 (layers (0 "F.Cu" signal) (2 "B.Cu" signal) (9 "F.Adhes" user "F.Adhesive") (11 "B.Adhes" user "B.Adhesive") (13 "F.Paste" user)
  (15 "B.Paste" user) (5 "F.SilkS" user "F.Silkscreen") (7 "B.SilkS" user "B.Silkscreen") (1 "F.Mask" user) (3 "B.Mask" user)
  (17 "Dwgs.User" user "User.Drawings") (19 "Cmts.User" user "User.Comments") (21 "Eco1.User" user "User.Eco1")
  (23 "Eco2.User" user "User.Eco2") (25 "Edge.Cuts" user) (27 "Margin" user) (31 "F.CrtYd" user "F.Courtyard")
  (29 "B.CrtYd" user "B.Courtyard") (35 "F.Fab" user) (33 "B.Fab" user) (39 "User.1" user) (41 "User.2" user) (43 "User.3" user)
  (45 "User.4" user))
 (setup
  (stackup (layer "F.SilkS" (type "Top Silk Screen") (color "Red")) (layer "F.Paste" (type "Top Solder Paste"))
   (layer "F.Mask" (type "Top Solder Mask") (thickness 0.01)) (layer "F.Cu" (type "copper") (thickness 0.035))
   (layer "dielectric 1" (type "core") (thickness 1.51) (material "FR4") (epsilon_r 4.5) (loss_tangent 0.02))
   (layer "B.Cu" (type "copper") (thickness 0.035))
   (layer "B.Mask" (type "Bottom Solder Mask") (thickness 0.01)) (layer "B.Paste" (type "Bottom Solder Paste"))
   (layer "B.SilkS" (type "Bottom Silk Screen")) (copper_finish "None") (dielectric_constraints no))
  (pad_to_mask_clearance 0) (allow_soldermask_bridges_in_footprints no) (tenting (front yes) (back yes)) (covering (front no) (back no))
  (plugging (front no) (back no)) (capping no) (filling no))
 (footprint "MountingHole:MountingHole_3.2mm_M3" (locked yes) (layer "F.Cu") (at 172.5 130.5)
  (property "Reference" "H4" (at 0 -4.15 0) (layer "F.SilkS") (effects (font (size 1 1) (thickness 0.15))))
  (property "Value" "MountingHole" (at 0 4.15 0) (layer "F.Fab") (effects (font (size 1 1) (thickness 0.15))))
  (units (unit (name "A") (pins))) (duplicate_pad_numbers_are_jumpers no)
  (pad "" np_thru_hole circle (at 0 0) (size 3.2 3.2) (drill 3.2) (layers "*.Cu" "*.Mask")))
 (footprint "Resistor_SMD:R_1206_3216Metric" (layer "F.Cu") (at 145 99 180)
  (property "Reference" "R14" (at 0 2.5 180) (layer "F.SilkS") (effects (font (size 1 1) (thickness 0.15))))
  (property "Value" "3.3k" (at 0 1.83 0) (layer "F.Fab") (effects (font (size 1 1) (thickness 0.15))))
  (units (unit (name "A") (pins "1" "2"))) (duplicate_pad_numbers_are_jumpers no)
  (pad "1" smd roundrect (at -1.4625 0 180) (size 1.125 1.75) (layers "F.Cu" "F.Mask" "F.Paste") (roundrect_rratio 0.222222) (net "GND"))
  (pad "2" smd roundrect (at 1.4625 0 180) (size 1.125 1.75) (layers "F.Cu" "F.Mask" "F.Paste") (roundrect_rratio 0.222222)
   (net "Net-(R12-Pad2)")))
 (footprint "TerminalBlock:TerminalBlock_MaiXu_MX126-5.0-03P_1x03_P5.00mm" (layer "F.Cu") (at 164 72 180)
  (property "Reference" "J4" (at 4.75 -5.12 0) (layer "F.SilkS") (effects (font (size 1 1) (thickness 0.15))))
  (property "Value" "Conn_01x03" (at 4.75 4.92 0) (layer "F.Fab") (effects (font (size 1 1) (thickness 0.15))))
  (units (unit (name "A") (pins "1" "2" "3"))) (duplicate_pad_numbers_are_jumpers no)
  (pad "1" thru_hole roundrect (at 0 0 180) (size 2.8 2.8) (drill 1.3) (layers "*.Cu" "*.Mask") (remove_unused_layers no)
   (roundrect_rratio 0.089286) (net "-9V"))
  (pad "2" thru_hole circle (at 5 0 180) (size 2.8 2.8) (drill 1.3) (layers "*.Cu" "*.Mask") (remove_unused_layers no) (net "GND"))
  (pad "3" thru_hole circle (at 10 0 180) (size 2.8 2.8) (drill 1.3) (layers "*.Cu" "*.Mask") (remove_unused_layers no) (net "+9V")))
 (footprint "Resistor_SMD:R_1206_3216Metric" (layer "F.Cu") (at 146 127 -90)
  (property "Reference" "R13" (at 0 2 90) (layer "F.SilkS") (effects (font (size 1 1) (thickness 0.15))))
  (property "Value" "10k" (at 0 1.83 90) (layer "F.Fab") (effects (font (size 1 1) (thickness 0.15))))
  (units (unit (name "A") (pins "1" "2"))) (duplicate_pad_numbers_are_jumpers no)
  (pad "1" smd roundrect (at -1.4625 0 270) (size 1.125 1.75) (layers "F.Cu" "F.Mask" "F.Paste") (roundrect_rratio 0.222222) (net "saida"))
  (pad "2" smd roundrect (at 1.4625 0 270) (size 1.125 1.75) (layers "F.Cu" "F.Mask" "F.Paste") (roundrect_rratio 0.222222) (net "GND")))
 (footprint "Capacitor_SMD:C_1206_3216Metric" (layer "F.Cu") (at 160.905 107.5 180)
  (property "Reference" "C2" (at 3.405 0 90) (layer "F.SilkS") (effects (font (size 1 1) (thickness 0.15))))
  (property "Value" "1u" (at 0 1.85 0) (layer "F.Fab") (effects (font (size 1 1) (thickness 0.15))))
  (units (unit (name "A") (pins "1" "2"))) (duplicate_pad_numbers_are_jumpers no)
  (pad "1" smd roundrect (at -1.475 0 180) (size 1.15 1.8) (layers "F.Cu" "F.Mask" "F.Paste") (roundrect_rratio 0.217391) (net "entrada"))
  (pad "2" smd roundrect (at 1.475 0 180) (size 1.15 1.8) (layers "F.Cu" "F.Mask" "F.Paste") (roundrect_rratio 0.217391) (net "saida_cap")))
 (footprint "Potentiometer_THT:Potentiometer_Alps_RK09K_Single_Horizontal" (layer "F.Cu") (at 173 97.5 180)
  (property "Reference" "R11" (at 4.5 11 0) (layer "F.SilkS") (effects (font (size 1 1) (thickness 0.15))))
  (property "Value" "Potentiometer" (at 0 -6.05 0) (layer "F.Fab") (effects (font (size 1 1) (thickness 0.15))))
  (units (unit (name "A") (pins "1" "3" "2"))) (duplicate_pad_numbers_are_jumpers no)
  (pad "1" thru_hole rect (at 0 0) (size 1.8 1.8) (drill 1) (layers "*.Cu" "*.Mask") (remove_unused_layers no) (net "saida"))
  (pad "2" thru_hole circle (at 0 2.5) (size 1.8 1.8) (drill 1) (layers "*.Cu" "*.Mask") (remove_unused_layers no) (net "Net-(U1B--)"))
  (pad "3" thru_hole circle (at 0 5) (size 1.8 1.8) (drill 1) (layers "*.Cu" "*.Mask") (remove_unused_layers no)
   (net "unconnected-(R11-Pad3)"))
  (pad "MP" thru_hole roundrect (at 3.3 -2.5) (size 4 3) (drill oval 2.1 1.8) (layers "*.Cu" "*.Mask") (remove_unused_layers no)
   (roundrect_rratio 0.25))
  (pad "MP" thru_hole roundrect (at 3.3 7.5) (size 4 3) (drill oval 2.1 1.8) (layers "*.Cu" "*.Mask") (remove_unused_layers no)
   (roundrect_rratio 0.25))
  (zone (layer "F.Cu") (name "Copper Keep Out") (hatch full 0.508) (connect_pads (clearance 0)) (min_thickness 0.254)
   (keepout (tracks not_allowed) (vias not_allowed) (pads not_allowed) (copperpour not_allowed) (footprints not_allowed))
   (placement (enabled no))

--

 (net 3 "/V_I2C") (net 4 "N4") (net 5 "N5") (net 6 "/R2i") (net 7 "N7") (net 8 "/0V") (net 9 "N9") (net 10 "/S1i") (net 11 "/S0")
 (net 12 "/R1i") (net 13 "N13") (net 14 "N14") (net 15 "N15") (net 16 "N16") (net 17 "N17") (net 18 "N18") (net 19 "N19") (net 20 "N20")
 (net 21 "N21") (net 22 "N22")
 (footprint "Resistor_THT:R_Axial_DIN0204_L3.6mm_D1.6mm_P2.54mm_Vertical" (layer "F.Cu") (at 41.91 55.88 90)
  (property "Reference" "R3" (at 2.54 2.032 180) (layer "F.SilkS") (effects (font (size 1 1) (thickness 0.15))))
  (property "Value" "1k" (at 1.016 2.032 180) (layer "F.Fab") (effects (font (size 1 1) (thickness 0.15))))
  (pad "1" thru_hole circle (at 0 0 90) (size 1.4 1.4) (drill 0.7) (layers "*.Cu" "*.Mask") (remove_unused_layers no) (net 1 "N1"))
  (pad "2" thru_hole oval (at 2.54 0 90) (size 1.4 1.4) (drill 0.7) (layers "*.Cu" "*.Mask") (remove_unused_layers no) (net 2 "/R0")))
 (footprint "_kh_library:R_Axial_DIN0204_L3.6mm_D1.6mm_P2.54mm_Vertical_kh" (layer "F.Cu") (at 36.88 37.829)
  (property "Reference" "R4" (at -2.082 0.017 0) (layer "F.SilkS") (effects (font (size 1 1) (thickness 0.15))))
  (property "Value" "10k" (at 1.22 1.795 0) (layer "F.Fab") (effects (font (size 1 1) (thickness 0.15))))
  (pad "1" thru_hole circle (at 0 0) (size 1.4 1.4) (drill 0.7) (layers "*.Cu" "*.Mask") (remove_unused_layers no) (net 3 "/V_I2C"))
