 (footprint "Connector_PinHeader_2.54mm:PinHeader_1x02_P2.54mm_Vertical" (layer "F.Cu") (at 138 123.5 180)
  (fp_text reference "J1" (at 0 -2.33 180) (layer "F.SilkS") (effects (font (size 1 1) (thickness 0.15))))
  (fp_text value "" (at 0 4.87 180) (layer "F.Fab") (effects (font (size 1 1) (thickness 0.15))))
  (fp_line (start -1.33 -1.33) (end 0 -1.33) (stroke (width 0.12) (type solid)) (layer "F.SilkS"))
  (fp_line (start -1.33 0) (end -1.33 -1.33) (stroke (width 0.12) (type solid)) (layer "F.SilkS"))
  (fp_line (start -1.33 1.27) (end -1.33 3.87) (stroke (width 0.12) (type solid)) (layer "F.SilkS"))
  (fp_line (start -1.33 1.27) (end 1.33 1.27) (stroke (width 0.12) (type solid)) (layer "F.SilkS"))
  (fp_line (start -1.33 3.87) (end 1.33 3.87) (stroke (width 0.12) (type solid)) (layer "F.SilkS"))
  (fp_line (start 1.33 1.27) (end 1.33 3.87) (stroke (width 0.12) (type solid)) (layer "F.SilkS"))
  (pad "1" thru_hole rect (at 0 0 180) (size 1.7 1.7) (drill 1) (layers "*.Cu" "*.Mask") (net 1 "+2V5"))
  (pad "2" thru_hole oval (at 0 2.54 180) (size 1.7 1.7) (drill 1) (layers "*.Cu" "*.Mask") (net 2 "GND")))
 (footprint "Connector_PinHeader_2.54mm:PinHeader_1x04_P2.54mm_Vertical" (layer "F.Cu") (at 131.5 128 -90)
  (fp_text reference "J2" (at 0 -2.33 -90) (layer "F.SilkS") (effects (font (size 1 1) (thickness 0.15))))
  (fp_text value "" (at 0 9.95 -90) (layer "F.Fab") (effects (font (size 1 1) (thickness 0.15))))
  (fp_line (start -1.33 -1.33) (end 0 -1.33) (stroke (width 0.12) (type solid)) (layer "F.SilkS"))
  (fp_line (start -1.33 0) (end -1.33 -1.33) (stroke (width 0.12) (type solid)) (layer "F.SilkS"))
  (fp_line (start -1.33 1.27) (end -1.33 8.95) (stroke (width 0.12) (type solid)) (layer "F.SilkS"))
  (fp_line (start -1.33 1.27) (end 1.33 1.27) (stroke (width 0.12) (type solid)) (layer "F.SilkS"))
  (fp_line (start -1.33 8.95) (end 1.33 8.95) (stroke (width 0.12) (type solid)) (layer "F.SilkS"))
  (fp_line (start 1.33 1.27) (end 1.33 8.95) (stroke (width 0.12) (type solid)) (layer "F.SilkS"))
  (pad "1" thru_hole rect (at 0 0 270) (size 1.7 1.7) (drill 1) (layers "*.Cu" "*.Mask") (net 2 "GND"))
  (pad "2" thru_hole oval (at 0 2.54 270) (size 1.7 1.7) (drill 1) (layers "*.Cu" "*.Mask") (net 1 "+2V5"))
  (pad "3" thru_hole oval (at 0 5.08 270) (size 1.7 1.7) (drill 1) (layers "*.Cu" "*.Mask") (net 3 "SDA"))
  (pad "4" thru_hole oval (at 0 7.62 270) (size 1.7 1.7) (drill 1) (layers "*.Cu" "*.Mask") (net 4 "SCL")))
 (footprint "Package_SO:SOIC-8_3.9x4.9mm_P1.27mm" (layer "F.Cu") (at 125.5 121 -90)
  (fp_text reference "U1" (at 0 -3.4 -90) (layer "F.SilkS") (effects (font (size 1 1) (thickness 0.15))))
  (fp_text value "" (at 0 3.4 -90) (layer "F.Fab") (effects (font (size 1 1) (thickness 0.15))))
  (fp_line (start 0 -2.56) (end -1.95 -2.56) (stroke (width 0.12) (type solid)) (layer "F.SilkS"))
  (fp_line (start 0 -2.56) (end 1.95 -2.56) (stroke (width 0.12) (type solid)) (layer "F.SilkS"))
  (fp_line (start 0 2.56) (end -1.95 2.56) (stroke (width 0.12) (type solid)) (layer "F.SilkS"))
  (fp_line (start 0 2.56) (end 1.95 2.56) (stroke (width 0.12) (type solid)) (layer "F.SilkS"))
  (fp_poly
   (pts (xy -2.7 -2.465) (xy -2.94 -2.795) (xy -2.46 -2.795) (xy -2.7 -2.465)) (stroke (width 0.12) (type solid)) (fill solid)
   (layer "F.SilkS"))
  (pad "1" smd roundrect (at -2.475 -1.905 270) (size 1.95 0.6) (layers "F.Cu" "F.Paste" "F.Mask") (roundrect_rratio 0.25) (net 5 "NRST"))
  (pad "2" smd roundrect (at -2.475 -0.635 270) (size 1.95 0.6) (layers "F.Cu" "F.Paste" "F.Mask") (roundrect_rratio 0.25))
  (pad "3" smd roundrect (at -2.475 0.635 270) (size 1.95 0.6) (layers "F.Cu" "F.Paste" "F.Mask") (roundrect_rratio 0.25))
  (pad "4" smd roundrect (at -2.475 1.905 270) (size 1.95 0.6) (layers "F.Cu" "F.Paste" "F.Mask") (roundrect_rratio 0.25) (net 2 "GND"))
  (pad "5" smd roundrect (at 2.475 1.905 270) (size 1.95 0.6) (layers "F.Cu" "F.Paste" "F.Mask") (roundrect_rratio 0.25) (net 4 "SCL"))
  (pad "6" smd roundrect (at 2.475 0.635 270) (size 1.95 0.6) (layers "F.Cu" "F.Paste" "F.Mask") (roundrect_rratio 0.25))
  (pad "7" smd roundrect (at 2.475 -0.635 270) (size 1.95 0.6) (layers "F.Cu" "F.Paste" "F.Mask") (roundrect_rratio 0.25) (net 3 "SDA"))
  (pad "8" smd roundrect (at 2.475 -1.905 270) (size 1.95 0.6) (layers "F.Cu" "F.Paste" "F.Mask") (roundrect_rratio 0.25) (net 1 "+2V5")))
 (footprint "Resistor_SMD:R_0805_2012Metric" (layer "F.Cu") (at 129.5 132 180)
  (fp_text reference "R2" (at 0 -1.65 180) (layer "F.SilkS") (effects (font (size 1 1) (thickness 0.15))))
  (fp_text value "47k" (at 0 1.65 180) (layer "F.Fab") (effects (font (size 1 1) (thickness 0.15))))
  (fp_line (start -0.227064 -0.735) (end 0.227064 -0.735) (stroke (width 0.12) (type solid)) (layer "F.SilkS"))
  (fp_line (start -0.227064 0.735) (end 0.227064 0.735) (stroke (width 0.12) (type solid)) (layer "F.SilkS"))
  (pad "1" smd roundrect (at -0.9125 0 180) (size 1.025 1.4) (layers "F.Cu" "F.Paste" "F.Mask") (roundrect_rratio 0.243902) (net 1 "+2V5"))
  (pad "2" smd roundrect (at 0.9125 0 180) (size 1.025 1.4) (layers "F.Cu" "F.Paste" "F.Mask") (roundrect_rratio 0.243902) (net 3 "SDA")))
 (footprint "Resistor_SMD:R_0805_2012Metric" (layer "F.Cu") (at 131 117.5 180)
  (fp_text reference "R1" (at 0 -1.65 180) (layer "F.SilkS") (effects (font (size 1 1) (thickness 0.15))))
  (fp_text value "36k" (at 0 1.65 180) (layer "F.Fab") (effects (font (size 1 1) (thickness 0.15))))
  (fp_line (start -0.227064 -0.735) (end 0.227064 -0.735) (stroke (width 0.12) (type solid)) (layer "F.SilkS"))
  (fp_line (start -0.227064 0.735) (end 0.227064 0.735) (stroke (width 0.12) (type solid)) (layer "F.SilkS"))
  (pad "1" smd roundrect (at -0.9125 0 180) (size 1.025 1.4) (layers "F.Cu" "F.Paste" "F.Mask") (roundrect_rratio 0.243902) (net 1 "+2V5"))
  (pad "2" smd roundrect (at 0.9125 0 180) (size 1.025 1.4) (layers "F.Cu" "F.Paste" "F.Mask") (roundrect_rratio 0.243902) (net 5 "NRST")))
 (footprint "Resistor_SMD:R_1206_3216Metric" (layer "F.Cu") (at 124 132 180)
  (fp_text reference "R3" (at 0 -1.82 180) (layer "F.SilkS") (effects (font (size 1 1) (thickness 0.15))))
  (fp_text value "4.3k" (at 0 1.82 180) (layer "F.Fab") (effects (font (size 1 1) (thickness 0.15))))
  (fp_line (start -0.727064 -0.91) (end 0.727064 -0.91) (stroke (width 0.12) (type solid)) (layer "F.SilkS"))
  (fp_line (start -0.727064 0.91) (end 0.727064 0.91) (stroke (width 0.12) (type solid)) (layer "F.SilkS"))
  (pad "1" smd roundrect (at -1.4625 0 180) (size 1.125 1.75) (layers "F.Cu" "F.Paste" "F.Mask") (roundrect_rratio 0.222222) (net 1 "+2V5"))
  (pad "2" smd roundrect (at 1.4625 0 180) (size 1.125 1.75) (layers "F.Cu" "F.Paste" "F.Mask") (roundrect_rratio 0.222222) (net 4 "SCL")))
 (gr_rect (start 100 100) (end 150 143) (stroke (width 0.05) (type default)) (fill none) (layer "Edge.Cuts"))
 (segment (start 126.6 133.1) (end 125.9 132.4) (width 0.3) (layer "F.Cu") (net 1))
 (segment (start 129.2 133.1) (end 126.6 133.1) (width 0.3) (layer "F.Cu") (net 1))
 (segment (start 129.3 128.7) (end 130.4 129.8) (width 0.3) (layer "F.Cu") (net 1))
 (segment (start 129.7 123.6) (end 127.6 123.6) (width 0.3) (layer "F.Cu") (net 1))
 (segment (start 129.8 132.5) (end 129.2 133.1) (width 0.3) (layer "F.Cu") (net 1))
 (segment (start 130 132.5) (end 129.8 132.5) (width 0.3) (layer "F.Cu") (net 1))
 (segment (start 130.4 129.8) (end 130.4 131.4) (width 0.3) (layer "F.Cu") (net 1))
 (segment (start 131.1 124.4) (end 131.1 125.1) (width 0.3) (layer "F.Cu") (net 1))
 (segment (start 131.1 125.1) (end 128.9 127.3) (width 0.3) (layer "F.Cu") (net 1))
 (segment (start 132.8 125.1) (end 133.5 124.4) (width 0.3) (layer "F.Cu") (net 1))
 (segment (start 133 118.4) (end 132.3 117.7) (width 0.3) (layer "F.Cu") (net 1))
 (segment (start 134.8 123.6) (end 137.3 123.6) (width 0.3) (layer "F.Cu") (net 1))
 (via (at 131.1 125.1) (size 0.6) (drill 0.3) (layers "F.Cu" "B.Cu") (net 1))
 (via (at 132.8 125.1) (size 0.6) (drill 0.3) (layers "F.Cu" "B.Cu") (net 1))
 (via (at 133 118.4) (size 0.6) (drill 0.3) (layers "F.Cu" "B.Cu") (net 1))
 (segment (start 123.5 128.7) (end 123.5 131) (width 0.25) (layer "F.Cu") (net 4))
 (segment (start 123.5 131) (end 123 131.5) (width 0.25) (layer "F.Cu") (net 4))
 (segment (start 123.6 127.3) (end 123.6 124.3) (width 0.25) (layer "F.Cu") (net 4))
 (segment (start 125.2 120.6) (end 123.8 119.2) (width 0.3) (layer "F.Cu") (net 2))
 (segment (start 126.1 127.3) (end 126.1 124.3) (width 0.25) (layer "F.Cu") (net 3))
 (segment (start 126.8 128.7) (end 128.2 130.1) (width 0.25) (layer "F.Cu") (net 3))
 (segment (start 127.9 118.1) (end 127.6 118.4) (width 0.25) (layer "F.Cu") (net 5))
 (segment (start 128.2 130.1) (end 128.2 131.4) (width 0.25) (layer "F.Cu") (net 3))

## TASK ITEM:
The expected answer is a copy of each line in the records that holds the word "NRST".

## YOUR RESPONSE:
  (pad "1" smd roundrect (at -2.475 -1.905 270) (size 1.95 0.6) (layers "F.Cu" "F.Paste" "F.Mask") (roundrect_rratio 0.25) (net 5 "NRST"))
  (pad "2" smd roundrect (at 0.9125 0 180) (size 1.025 1.4) (layers "F.Cu" "F.Paste" "F.Mask") (roundrect_rratio 0.243902) (net 5 "NRST")))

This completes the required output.